Prévenir les risques

« Il était temps ! », nous rappelait dernièrement Olivier Princivalle, président-adjoint de la FNAIM du Grand Paris et syndic en région parisienne, pour qui ce texte va dans la bonne direction même si « beaucoup de retard a été pris » puisque les professionnels réclamaient déjà un tel outil depuis la loi Alur de 2014... « Il faut prendre en compte l'état des parties communes, essentielles et partie intégrante de l'immeuble, afin de prévenir les risques, mieux entretenir les résidences sur le long terme et empêcher que le bâtiment se détériore. Cela pourrait d'ailleurs éviter des drames comme on a pu le voir dans le passé à Marseille », souligne Olivier Princivalle, en insistant sur le fait qu'il ne faut pas limiter ce plan à l'amélioration énergétique.

« Cela permettra aussi d'intéresser les propriétaires à l'état de leur immeuble, d'anticiper les charges avec une planification financière et peut-être de pallier les impayés en informant mieux les acquéreurs qui pourront consulter ce plan avant d'acheter un logement en copropriété », ajoute Olivier Princivalle.

Un caractère obligatoire à nuancer

Dès lors que l'immeuble a plus de 15 ans, l'assemblée générale des copropriétaires devra ainsi débattre en vue de l'adoption de de tout ou partie de ce plan pluriannuel pour préparer le financement des travaux à réaliser. Les modalités seraient votées à la majorité des voix exprimées des copropriétaires présents, représentés ou ayant voté par correspondance.

On peut donc souligner que le texte rend seulement obligatoire la rédaction de ce plan pluriannuel de travaux sur la base d'une analyse technique (diagnostic technique global ou nouveau DPE) mais que sa mise en place restera soumise au vote des copropriétaires, de même que chaque tranche de travaux.

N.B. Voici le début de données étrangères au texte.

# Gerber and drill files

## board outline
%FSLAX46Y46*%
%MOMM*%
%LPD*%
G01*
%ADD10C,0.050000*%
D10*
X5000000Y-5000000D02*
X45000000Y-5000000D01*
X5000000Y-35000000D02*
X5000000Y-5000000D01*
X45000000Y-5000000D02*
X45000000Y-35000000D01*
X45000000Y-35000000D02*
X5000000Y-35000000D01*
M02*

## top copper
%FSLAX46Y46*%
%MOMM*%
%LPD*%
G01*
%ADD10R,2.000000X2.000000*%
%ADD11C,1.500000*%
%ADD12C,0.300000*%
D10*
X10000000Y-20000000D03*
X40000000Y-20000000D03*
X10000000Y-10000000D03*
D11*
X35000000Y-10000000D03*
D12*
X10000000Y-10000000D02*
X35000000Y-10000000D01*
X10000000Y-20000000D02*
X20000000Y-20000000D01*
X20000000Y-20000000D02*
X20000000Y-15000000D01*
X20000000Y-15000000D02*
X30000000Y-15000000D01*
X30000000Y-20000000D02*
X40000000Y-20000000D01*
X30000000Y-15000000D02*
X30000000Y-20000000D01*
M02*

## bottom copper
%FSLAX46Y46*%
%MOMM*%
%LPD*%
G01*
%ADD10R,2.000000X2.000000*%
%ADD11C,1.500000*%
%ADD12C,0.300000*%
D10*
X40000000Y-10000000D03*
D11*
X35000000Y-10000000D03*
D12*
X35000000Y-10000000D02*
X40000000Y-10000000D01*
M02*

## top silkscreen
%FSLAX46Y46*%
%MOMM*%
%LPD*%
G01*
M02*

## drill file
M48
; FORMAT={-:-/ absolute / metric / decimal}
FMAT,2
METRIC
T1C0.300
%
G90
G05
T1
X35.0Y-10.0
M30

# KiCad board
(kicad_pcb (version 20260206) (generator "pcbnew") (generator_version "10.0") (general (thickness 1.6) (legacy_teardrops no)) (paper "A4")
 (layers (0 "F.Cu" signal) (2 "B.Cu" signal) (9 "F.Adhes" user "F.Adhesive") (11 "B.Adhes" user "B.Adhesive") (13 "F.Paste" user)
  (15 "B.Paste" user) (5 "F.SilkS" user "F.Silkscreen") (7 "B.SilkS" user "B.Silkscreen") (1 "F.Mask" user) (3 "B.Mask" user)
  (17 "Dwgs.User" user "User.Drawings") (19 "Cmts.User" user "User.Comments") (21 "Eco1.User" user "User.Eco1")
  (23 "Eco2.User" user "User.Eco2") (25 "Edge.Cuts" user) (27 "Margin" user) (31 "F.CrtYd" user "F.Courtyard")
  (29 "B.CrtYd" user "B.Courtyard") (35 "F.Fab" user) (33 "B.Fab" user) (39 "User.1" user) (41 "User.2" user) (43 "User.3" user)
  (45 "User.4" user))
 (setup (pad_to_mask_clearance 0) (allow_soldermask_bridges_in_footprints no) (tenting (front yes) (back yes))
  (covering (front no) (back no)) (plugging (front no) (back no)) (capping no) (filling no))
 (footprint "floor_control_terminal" (layer "F.Cu") (at 10 20)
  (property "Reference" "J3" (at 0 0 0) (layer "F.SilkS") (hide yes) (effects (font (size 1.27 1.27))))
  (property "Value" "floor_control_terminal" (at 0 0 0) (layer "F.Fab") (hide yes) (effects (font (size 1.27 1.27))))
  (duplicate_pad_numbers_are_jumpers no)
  (pad "1" smd rect (at 0 0) (size 2 2) (layers "F.Cu" "F.Mask" "F.Paste") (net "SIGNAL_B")))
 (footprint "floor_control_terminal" (layer "F.Cu") (at 40 20)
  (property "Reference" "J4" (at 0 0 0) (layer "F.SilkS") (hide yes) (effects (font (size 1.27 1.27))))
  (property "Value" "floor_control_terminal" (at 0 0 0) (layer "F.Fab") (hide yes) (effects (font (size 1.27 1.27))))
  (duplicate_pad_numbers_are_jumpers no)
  (pad "1" smd rect (at 0 0) (size 2 2) (layers "F.Cu" "F.Mask" "F.Paste") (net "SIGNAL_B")))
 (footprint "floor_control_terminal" (layer "F.Cu") (at 10 10)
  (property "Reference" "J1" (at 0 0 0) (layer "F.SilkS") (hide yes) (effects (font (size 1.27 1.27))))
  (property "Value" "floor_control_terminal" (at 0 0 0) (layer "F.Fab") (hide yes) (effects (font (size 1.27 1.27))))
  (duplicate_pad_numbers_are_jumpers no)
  (pad "1" smd rect (at 0 0) (size 2 2) (layers "F.Cu" "F.Mask" "F.Paste") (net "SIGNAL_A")))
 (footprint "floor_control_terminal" (layer "B.Cu") (at 40 10)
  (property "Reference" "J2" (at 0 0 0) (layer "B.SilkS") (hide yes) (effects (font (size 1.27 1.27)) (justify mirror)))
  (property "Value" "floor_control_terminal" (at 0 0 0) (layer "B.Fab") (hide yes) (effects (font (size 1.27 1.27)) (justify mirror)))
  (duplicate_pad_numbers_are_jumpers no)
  (pad "1" smd rect (at 0 0) (size 2 2) (layers "B.Cu" "B.Mask" "B.Paste") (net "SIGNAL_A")))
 (gr_line (start 5 5) (end 45 5) (stroke (width 0.05) (type default)) (layer "Edge.Cuts"))
 (gr_line (start 5 35) (end 5 5) (stroke (width 0.05) (type default)) (layer "Edge.Cuts"))
 (gr_line (start 45 5) (end 45 35) (stroke (width 0.05) (type default)) (layer "Edge.Cuts"))
 (gr_line (start 45 35) (end 5 35) (stroke (width 0.05) (type default)) (layer "Edge.Cuts"))
 (segment (start 10 10) (end 35 10) (width 0.3) (layer "F.Cu") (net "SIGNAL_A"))
 (via (at 35 10) (size 1.5) (drill 0.3) (layers "F.Cu" "B.Cu") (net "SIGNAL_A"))
 (segment (start 35 10) (end 40 10) (width 0.3) (layer "B.Cu") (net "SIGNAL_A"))
 (segment (start 10 20) (end 20 20) (width 0.3) (layer "F.Cu") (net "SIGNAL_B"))
 (segment (start 20 20) (end 20 15) (width 0.3) (layer "F.Cu") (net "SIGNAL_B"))
 (segment (start 20 15) (end 30 15) (width 0.3) (layer "F.Cu") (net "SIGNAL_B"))
 (segment (start 30 20) (end 40 20) (width 0.3) (layer "F.Cu") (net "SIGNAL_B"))
 (segment (start 30 15) (end 30 20) (width 0.3) (layer "F.Cu") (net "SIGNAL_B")))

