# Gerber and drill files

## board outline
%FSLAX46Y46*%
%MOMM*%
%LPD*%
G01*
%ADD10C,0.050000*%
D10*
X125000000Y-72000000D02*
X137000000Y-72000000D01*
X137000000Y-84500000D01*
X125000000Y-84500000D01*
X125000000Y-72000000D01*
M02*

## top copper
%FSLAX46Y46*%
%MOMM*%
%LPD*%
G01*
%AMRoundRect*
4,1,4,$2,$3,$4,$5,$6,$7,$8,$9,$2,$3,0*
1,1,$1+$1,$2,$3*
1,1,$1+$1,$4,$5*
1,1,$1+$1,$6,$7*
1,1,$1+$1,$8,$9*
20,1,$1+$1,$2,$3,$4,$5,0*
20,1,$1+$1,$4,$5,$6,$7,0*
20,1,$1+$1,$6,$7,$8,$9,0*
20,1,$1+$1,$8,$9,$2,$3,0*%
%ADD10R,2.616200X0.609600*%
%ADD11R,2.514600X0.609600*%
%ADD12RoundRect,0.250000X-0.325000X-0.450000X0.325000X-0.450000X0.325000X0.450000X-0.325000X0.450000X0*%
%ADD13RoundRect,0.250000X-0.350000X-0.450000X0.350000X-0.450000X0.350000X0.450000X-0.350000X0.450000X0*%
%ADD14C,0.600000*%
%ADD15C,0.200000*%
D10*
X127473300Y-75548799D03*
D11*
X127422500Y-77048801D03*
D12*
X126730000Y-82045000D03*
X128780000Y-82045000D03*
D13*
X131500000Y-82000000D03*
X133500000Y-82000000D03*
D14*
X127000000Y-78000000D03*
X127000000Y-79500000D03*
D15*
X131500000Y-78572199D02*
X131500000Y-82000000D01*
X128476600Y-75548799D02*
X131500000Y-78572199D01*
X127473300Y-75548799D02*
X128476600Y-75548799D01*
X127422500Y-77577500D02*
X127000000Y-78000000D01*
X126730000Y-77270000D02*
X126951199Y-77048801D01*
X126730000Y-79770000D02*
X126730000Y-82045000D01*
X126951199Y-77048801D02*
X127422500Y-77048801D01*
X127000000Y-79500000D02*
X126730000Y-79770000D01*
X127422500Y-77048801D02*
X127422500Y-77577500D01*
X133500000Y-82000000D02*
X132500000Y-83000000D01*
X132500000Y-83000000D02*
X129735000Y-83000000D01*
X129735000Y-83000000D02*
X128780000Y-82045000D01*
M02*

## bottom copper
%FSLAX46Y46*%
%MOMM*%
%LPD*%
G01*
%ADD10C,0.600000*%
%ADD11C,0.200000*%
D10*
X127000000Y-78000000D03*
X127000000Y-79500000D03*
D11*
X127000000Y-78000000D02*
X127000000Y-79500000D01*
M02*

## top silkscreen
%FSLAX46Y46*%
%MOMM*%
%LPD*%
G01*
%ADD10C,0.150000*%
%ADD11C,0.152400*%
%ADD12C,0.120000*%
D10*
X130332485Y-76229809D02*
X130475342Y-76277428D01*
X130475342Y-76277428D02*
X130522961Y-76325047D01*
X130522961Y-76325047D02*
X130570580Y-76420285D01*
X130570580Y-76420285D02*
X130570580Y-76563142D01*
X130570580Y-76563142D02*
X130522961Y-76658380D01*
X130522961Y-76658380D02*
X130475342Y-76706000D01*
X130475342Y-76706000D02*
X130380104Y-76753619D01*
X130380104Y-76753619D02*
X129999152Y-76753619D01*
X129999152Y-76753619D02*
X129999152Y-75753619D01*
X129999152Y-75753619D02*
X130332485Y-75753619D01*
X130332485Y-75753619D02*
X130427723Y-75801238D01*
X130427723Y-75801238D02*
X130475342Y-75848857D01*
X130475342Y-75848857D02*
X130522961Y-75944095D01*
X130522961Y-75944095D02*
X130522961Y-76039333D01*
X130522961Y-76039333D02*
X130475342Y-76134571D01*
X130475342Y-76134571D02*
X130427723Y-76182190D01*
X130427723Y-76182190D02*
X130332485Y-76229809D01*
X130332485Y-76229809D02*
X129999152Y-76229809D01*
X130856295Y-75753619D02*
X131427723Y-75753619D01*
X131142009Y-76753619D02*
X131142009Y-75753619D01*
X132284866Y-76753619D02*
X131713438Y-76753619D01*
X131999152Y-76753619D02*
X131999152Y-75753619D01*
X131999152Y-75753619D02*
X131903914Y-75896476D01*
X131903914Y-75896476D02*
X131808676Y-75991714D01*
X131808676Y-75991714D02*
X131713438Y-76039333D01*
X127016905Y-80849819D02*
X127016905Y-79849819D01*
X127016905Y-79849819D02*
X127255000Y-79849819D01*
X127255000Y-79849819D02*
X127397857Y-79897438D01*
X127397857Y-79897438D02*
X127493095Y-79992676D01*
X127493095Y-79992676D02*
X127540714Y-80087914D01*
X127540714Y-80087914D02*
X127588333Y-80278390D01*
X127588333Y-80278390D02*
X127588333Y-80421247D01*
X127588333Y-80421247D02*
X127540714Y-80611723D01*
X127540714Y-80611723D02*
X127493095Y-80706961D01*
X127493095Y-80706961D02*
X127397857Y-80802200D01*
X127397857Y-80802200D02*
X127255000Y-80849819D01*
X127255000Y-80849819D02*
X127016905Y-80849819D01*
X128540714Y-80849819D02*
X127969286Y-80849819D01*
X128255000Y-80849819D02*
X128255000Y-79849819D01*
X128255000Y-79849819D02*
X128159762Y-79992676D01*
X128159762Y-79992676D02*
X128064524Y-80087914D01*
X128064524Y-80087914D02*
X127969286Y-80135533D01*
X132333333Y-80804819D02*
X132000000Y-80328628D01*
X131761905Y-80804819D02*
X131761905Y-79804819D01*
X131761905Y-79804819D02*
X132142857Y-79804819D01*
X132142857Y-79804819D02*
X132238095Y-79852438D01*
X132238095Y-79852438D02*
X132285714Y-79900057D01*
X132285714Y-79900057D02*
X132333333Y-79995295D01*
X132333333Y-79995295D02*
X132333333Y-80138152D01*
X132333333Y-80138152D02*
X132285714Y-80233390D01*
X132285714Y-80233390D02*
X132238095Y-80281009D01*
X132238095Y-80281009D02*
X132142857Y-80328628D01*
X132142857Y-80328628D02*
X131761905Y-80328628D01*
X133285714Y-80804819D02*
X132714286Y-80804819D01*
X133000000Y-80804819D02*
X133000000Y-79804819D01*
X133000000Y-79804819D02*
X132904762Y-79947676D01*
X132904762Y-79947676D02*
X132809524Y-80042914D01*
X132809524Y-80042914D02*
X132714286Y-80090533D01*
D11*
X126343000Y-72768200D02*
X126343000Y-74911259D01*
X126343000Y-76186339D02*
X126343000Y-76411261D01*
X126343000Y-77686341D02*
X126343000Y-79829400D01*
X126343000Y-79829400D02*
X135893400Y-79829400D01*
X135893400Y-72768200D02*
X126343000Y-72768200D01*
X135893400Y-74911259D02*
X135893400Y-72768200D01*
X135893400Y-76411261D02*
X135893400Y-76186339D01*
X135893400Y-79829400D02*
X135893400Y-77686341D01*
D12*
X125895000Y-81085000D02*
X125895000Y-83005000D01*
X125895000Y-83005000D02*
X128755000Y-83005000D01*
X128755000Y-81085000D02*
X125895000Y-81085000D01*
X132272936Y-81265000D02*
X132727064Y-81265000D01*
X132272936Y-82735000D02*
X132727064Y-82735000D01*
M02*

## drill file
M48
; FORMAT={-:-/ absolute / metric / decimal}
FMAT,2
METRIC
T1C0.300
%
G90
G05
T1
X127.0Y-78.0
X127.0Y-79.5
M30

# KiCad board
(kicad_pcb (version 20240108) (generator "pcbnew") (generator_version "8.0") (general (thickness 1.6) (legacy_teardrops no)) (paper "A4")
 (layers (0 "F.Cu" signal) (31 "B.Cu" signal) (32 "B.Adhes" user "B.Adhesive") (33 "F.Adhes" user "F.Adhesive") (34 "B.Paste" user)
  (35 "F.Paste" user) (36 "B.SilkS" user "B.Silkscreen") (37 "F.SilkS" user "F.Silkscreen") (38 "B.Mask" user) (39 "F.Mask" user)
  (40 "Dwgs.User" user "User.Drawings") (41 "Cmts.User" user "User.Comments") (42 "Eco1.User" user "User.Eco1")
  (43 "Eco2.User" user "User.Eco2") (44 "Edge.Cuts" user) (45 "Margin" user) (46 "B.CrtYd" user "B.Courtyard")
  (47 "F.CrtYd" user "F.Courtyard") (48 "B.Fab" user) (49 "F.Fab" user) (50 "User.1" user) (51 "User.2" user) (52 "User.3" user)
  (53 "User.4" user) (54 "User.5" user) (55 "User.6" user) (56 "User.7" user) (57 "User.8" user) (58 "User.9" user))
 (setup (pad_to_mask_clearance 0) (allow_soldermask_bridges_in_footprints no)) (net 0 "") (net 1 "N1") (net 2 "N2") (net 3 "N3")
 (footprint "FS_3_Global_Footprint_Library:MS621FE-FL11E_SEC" (layer "F.Cu") (at 131.1182 76.2988)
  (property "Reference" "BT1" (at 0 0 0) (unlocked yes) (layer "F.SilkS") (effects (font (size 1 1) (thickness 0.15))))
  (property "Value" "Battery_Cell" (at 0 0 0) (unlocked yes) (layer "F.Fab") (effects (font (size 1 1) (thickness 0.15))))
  (fp_line (start -4.7752 -3.5306) (end -4.7752 -1.387541) (stroke (width 0.1524) (type solid)) (layer "F.SilkS"))
  (fp_line (start -4.7752 -0.112461) (end -4.7752 0.112461) (stroke (width 0.1524) (type solid)) (layer "F.SilkS"))
  (fp_line (start -4.7752 1.387541) (end -4.7752 3.5306) (stroke (width 0.1524) (type solid)) (layer "F.SilkS"))
  (fp_line (start -4.7752 3.5306) (end 4.7752 3.5306) (stroke (width 0.1524) (type solid)) (layer "F.SilkS"))
  (fp_line (start 4.7752 -3.5306) (end -4.7752 -3.5306) (stroke (width 0.1524) (type solid)) (layer "F.SilkS"))
  (fp_line (start 4.7752 -1.387541) (end 4.7752 -3.5306) (stroke (width 0.1524) (type solid)) (layer "F.SilkS"))
  (fp_line (start 4.7752 0.112461) (end 4.7752 -0.112461) (stroke (width 0.1524) (type solid)) (layer "F.SilkS"))
  (fp_line (start 4.7752 3.5306) (end 4.7752 1.387541) (stroke (width 0.1524) (type solid)) (layer "F.SilkS"))
  (pad "1" smd rect (at -3.6449 -0.750001) (size 2.6162 0.6096) (layers "F.Cu" "F.Paste" "F.Mask") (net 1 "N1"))
  (pad "2" smd rect (at -3.6957 0.750001) (size 2.5146 0.6096) (layers "F.Cu" "F.Paste" "F.Mask") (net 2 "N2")))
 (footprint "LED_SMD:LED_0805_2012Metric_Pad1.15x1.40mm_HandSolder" (layer "F.Cu") (at 127.755 82.045)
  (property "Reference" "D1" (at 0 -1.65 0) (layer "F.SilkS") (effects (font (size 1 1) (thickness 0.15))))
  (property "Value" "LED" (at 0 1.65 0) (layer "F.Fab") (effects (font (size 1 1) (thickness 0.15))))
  (fp_line (start -1.86 -0.96) (end -1.86 0.96) (stroke (width 0.12) (type solid)) (layer "F.SilkS"))
  (fp_line (start -1.86 0.96) (end 1 0.96) (stroke (width 0.12) (type solid)) (layer "F.SilkS"))
  (fp_line (start 1 -0.96) (end -1.86 -0.96) (stroke (width 0.12) (type solid)) (layer "F.SilkS"))
  (pad "1" smd roundrect (at -1.025 0) (size 1.15 1.4) (layers "F.Cu" "F.Paste" "F.Mask") (roundrect_rratio 0.217391) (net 2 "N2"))
  (pad "2" smd roundrect (at 1.025 0) (size 1.15 1.4) (layers "F.Cu" "F.Paste" "F.Mask") (roundrect_rratio 0.217391) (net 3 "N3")))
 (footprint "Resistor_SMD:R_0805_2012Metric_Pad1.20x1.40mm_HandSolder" (layer "F.Cu") (at 132.5 82)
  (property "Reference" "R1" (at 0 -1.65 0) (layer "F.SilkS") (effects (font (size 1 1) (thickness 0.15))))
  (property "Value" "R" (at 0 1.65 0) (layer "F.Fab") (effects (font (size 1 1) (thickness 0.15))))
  (fp_line (start -0.227064 -0.735) (end 0.227064 -0.735) (stroke (width 0.12) (type solid)) (layer "F.SilkS"))
  (fp_line (start -0.227064 0.735) (end 0.227064 0.735) (stroke (width 0.12) (type solid)) (layer "F.SilkS"))
  (pad "1" smd roundrect (at -1 0) (size 1.2 1.4) (layers "F.Cu" "F.Paste" "F.Mask") (roundrect_rratio 0.208333) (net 1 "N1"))
  (pad "2" smd roundrect (at 1 0) (size 1.2 1.4) (layers "F.Cu" "F.Paste" "F.Mask") (roundrect_rratio 0.208333) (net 3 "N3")))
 (gr_rect (start 125 72) (end 137 84.5) (stroke (width 0.05) (type default)) (fill none) (layer "Edge.Cuts"))
 (segment (start 131.5 78.572199) (end 131.5 82) (width 0.2) (layer "F.Cu") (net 1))
 (segment (start 128.4766 75.548799) (end 131.5 78.572199) (width 0.2) (layer "F.Cu") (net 1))
 (segment (start 127.4733 75.548799) (end 128.4766 75.548799) (width 0.2) (layer "F.Cu") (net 1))
 (segment (start 127.4225 77.5775) (end 127 78) (width 0.2) (layer "F.Cu") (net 2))
 (segment (start 126.73 77.27) (end 126.951199 77.048801) (width 0.2) (layer "F.Cu") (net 2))
 (segment (start 126.73 79.77) (end 126.73 82.045) (width 0.2) (layer "F.Cu") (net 2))
 (segment (start 126.951199 77.048801) (end 127.4225 77.048801) (width 0.2) (layer "F.Cu") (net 2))
 (segment (start 127 79.5) (end 126.73 79.77) (width 0.2) (layer "F.Cu") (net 2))
 (segment (start 127.4225 77.048801) (end 127.4225 77.5775) (width 0.2) (layer "F.Cu") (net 2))
 (via (at 127 78) (size 0.6) (drill 0.3) (layers "F.Cu" "B.Cu") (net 2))
 (via (at 127 79.5) (size 0.6) (drill 0.3) (layers "F.Cu" "B.Cu") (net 2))
 (segment (start 127 78) (end 127 79.5) (width 0.2) (layer "B.Cu") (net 2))
 (segment (start 133.5 82) (end 132.5 83) (width 0.2) (layer "F.Cu") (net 3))
 (segment (start 132.5 83) (end 129.735 83) (width 0.2) (layer "F.Cu") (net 3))
 (segment (start 129.735 83) (end 128.78 82.045) (width 0.2) (layer "F.Cu") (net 3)))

Un "super" fonds de travaux

Le montant provisionné chaque année viendrait abonder le fonds de travaux qui est aujourd'hui encore facultatif pour les petites copropriétés de moins de 10 lots (ou si le diagnostic technique global ne fait apparaître aucun besoin de travaux pour les 10 années à venir) et dont l'obligation de collecte reste limitée à un minimum de 5% du montant des charges prévisionnelles ordinaires de l'année.

A partir d'une analyse du bâti et d'un diagnostic technique, serait établie une liste des travaux nécessaires à la sauvegarde de l'immeuble, à la préservation de la santé et de la sécurité des occupants et à la réalisation d'économies d'énergie. L'estimation du coût de ces travaux et leur hiérarchisation conduirait ensuite à fixer un échéancier des travaux qui doivent être réalisés dans les 10 prochaines années.

Au minimum 2,5% du montant des travaux prévus

Comme dans le cas du fonds de travaux déjà existant, ce nouveau fonds serait alimenté par une cotisation annuelle obligatoire, d'un montant correspondant au minimum à 2,5% du montant des travaux prévus dans le plan adopté, sans pouvoir être inférieur à 5% du budget annuel prévisionnel de fonctionnement de la copropriété. L'assemblée générale pourra toujours voter un montant supérieur.

Avec l'exemple d'un budget de 300.000 € de travaux correspondant à un futur ravalement de façade et une réfection de la VMC, les copropriétaires devraient verser chaque année au moins 7.500 €, à répartir selon leurs tantièmes. Actuellement, si le budget prévisionnel de cette résidence s'élève à 50.000 €, le fonds de travaux n'oblige à provisionner que 2.500 €.

Attaché au lot

Comme c'est le cas aujourd'hui pour le fonds de travaux, les sommes versées dans le cadre du plan pluriannuel de travaux seraient attachées aux lots et entreraient définitivement, dès leur versement, dans le patrimoine du syndicat des copropriétaires. Elles ne donneraient donc pas lieu à un remboursement par le syndicat des copropriétaires lors de la revente du logement. Au propriétaire donc de négocier ce sujet avec l'acquéreur en l'intégrant dans le prix de vente...

A partir de 2023

Sous réserve de l'examen du texte en deuxième lecture devant le Sénat, ce plan entrerait en vigueur le 1er janvier 2023 pour les copropriétés de plus de 200 lots, le 1er janvier 2024 pour les copropriétés de 51 à 200 lots et pas avant 2025 pour les petites copropriétés comprenant moins de 51 lots à usage de logements, de bureaux ou de commerces. Il serait actualisé au maximum tous les dix ans.